(PROVIDED ENTRIES)

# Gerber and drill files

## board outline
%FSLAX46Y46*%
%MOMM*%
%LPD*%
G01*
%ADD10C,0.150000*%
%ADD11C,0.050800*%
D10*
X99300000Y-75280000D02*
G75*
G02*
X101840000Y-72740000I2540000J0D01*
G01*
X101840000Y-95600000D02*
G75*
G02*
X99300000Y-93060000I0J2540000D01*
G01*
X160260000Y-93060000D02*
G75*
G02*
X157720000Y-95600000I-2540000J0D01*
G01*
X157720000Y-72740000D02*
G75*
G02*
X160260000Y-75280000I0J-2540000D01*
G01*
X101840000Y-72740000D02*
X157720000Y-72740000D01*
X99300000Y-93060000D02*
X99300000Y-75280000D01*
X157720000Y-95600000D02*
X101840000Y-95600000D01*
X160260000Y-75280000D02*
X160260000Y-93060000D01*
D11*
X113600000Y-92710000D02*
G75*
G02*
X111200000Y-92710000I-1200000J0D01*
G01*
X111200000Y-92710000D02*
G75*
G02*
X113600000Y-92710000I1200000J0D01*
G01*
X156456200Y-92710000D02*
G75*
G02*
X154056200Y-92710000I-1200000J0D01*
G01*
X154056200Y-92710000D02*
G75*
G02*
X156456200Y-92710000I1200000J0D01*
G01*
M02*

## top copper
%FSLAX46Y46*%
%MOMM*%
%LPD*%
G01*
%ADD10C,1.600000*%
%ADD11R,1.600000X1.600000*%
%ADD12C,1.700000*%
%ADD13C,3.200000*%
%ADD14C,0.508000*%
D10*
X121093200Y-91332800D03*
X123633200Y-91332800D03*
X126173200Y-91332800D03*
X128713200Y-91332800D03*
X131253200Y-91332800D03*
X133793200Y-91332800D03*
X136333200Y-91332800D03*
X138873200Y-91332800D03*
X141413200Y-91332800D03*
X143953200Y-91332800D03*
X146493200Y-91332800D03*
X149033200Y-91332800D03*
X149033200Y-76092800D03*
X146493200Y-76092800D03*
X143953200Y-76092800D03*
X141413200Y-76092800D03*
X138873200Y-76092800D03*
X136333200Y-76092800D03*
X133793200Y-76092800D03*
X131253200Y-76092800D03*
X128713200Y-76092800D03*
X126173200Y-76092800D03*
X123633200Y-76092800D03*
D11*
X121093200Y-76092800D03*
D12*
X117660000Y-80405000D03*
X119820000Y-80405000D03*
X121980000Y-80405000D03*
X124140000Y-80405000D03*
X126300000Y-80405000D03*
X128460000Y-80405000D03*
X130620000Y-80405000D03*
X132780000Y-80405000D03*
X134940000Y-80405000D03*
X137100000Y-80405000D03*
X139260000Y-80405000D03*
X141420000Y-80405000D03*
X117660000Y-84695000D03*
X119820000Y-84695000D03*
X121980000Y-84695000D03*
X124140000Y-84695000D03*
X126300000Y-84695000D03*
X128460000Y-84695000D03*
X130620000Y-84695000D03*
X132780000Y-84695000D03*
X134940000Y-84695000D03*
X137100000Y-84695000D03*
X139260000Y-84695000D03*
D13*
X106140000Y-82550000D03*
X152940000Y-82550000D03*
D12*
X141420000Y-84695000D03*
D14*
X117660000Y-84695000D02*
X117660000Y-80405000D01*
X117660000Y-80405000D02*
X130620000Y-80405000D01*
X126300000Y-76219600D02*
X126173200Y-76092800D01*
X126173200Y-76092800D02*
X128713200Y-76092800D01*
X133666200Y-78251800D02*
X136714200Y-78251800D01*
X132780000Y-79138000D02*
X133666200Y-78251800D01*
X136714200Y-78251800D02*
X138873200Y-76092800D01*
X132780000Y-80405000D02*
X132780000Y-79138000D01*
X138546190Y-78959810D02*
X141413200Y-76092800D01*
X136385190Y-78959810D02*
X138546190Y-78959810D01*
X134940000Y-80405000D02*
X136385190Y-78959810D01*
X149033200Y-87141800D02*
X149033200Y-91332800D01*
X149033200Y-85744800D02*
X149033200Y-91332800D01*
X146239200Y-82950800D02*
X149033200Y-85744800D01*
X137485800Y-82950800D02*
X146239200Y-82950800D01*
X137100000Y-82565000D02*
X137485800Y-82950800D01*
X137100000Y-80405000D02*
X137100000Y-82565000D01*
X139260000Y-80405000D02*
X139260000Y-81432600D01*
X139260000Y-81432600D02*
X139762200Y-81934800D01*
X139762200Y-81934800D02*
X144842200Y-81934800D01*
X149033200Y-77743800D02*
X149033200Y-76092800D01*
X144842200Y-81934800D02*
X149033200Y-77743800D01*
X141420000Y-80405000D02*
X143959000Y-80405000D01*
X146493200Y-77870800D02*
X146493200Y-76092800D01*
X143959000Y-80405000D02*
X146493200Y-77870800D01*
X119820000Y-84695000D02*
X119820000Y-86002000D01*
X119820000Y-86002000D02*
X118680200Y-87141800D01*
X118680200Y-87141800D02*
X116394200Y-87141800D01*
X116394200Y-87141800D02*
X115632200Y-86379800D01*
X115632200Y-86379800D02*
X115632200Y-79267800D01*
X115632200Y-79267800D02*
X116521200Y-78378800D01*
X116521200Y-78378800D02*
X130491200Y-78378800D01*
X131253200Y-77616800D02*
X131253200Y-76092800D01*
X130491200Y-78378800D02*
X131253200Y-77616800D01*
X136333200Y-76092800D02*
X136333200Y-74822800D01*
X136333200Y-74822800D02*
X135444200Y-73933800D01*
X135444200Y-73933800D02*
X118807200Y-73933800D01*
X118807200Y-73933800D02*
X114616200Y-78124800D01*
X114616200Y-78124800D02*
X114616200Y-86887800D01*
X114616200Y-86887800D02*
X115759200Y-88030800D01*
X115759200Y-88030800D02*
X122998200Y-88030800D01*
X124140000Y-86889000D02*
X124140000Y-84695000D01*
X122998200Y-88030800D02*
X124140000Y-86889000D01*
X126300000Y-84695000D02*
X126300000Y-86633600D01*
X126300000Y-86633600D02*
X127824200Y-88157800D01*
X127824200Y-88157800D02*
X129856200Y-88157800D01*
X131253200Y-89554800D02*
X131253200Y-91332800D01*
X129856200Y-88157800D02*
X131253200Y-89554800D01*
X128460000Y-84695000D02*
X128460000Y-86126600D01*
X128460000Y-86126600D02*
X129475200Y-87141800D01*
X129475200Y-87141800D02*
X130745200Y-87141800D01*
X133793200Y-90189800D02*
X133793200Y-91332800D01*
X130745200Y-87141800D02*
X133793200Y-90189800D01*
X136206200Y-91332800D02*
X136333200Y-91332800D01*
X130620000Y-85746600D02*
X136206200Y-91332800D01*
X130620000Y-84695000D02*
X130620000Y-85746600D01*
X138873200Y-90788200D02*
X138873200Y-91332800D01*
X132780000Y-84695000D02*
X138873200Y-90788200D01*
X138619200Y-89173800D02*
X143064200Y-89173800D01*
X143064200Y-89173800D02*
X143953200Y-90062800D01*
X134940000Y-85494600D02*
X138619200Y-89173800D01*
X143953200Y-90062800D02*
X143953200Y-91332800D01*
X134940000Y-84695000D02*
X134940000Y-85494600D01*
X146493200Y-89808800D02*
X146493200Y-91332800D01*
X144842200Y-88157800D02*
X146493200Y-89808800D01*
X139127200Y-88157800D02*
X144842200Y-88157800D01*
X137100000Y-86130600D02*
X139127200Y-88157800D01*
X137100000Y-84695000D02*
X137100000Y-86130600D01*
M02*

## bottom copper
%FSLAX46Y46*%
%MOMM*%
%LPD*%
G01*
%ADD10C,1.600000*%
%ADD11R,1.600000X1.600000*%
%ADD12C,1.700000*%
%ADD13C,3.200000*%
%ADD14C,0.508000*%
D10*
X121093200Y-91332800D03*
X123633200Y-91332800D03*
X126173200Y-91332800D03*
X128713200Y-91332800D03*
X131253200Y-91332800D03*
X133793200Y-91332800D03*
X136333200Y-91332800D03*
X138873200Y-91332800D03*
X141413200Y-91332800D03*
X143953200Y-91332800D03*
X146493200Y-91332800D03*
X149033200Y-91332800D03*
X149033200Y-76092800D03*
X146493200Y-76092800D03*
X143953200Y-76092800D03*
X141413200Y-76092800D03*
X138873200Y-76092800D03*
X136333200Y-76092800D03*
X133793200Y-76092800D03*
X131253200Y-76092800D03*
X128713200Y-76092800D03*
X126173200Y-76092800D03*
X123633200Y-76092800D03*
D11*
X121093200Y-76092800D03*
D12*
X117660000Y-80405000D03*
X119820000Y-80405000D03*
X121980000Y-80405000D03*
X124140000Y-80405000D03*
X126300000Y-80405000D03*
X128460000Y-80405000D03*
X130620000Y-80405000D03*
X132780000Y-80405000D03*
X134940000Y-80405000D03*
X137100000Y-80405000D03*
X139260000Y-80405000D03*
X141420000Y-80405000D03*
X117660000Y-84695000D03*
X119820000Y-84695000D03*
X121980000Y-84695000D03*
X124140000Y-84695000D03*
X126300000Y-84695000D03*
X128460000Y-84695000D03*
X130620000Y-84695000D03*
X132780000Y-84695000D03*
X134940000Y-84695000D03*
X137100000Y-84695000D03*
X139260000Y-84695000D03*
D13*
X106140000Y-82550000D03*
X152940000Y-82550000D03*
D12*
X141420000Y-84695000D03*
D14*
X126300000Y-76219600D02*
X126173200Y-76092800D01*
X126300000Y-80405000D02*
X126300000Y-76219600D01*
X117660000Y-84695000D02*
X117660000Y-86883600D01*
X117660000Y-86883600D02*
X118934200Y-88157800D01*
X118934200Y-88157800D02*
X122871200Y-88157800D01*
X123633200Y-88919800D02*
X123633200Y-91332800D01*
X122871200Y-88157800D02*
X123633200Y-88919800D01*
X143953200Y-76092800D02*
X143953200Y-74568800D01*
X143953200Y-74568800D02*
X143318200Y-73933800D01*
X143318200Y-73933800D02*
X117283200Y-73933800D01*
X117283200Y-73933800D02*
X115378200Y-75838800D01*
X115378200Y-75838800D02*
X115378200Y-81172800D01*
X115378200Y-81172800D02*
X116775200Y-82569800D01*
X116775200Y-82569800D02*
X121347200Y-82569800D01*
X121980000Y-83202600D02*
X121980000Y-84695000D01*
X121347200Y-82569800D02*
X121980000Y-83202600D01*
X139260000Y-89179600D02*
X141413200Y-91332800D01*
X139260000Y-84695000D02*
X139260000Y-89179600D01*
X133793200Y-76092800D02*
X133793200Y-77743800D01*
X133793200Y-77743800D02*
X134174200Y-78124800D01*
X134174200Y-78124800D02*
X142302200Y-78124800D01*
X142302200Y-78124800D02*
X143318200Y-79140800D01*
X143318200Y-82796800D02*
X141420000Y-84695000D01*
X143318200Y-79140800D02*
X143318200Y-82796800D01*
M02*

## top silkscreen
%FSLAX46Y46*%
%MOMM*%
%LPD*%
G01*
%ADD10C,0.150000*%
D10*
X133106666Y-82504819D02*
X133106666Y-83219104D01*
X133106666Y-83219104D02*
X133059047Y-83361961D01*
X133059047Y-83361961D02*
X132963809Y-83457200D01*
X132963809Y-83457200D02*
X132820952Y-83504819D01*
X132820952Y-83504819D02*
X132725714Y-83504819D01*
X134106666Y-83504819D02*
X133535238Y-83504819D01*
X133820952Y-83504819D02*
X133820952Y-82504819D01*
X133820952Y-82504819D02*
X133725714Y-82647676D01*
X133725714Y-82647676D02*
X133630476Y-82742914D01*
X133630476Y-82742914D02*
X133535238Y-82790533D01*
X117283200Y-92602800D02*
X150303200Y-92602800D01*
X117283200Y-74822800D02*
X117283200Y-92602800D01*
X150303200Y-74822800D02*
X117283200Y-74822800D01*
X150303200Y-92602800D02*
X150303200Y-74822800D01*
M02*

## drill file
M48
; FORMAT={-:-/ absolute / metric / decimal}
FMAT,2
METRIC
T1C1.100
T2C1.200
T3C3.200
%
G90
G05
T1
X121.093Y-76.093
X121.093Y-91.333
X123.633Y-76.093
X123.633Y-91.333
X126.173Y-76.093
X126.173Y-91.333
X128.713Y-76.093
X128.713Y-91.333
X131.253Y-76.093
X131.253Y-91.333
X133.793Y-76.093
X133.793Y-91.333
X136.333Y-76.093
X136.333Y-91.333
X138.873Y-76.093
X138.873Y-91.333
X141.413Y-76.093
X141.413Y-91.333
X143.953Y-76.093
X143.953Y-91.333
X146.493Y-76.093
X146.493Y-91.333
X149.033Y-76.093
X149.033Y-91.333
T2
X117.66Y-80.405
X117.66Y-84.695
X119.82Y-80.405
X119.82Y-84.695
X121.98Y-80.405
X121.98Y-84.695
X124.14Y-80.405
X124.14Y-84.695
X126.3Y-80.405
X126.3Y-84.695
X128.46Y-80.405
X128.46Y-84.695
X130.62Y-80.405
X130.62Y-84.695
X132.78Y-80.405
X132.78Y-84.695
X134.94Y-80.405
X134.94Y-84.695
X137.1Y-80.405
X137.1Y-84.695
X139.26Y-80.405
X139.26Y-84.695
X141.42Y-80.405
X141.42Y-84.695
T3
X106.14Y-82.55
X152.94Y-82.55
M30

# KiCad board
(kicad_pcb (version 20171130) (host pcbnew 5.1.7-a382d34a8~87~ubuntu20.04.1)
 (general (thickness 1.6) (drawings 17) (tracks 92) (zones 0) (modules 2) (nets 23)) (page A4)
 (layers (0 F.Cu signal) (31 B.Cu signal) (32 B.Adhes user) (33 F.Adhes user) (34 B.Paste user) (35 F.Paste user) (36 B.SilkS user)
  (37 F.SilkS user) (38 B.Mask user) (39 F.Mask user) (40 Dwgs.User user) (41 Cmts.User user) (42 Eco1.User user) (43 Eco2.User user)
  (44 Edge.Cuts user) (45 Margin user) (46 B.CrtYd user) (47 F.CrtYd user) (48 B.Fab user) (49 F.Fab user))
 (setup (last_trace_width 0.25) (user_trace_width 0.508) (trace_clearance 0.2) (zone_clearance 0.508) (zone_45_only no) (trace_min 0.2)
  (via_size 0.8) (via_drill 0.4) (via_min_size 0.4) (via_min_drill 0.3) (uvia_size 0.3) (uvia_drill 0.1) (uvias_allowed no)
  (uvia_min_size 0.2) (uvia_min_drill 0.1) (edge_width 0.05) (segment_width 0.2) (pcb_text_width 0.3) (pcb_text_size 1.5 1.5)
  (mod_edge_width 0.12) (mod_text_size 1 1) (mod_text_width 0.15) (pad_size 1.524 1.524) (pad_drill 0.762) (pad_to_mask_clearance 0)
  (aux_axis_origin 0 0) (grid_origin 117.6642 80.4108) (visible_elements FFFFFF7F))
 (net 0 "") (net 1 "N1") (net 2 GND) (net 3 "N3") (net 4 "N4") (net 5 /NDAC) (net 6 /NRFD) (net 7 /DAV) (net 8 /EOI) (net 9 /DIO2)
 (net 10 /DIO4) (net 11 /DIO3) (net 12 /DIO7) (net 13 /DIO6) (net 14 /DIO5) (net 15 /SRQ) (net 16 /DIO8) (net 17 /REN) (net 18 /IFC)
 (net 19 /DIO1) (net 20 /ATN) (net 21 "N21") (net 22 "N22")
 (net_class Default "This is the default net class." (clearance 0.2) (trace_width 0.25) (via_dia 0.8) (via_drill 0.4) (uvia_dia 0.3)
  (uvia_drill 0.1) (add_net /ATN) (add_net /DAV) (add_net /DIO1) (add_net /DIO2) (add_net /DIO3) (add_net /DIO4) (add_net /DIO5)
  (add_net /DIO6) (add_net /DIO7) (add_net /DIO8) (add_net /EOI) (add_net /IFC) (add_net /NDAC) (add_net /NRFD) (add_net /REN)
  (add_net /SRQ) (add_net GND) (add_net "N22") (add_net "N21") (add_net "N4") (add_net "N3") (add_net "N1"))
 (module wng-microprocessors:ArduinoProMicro (layer B.Cu) (at 135.0632 83.7128)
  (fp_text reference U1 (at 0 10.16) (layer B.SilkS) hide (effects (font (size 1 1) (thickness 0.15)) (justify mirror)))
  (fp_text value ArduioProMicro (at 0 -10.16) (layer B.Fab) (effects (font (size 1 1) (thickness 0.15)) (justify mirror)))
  (fp_line (start -17.78 8.89) (end 15.24 8.89) (layer F.SilkS) (width 0.15))
  (fp_line (start -17.78 -8.89) (end -17.78 8.89) (layer F.SilkS) (width 0.15))
  (fp_line (start 15.24 -8.89) (end -17.78 -8.89) (layer F.SilkS) (width 0.15))
  (fp_line (start 15.24 8.89) (end 15.24 -8.89) (layer F.SilkS) (width 0.15))
  (pad 24 thru_hole circle (at -13.97 7.62) (size 1.6 1.6) (drill 1.1) (layers *.Cu *.Mask B.SilkS) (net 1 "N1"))
  (pad 23 thru_hole circle (at -11.43 7.62) (size 1.6 1.6) (drill 1.1) (layers *.Cu *.Mask B.SilkS) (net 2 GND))
  (pad 22 thru_hole circle (at -8.89 7.62) (size 1.6 1.6) (drill 1.1) (layers *.Cu *.Mask B.SilkS) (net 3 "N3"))
  (pad 21 thru_hole circle (at -6.35 7.62) (size 1.6 1.6) (drill 1.1) (layers *.Cu *.Mask B.SilkS) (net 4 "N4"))
  (pad 20 thru_hole circle (at -3.81 7.62) (size 1.6 1.6) (drill 1.1) (layers *.Cu *.Mask B.SilkS) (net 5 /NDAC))
  (pad 19 thru_hole circle (at -1.27 7.62) (size 1.6 1.6) (drill 1.1) (layers *.Cu *.Mask B.SilkS) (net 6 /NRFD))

(End PROVIDED ENTRIES)

## TASK DESCRIPTION
Copy the lines of the data above exactly as written, beginning with the line containing "X137100000Y-82565000D01*" and ending with the line containing "X129475200Y-87141800D01*", and leave out all other lines.

## OUTPUT FOR THIS EXERCISE
X137100000Y-82565000D01*
X139260000Y-80405000D02*
X139260000Y-81432600D01*
X139260000Y-81432600D02*
X139762200Y-81934800D01*
X139762200Y-81934800D02*
X144842200Y-81934800D01*
X149033200Y-77743800D02*
X149033200Y-76092800D01*
X144842200Y-81934800D02*
X149033200Y-77743800D01*
X141420000Y-80405000D02*
X143959000Y-80405000D01*
X146493200Y-77870800D02*
X146493200Y-76092800D01*
X143959000Y-80405000D02*
X146493200Y-77870800D01*
X119820000Y-84695000D02*
X119820000Y-86002000D01*
X119820000Y-86002000D02*
X118680200Y-87141800D01*
X118680200Y-87141800D02*
X116394200Y-87141800D01*
X116394200Y-87141800D02*
X115632200Y-86379800D01*
X115632200Y-86379800D02*
X115632200Y-79267800D01*
X115632200Y-79267800D02*
X116521200Y-78378800D01*
X116521200Y-78378800D02*
X130491200Y-78378800D01*
X131253200Y-77616800D02*
X131253200Y-76092800D01*
X130491200Y-78378800D02*
X131253200Y-77616800D01*
X136333200Y-76092800D02*
X136333200Y-74822800D01*
X136333200Y-74822800D02*
X135444200Y-73933800D01*
X135444200Y-73933800D02*
X118807200Y-73933800D01*
X118807200Y-73933800D02*
X114616200Y-78124800D01*
X114616200Y-78124800D02*
X114616200Y-86887800D01*
X114616200Y-86887800D02*
X115759200Y-88030800D01*
X115759200Y-88030800D02*
X122998200Y-88030800D01*
X124140000Y-86889000D02*
X124140000Y-84695000D01*
X122998200Y-88030800D02*
X124140000Y-86889000D01*
X126300000Y-84695000D02*
X126300000Y-86633600D01*
X126300000Y-86633600D02*
X127824200Y-88157800D01*
X127824200Y-88157800D02*
X129856200Y-88157800D01*
X131253200Y-89554800D02*
X131253200Y-91332800D01*
X129856200Y-88157800D02*
X131253200Y-89554800D01*
X128460000Y-84695000D02*
X128460000Y-86126600D01*
X128460000Y-86126600D02*
X129475200Y-87141800D01*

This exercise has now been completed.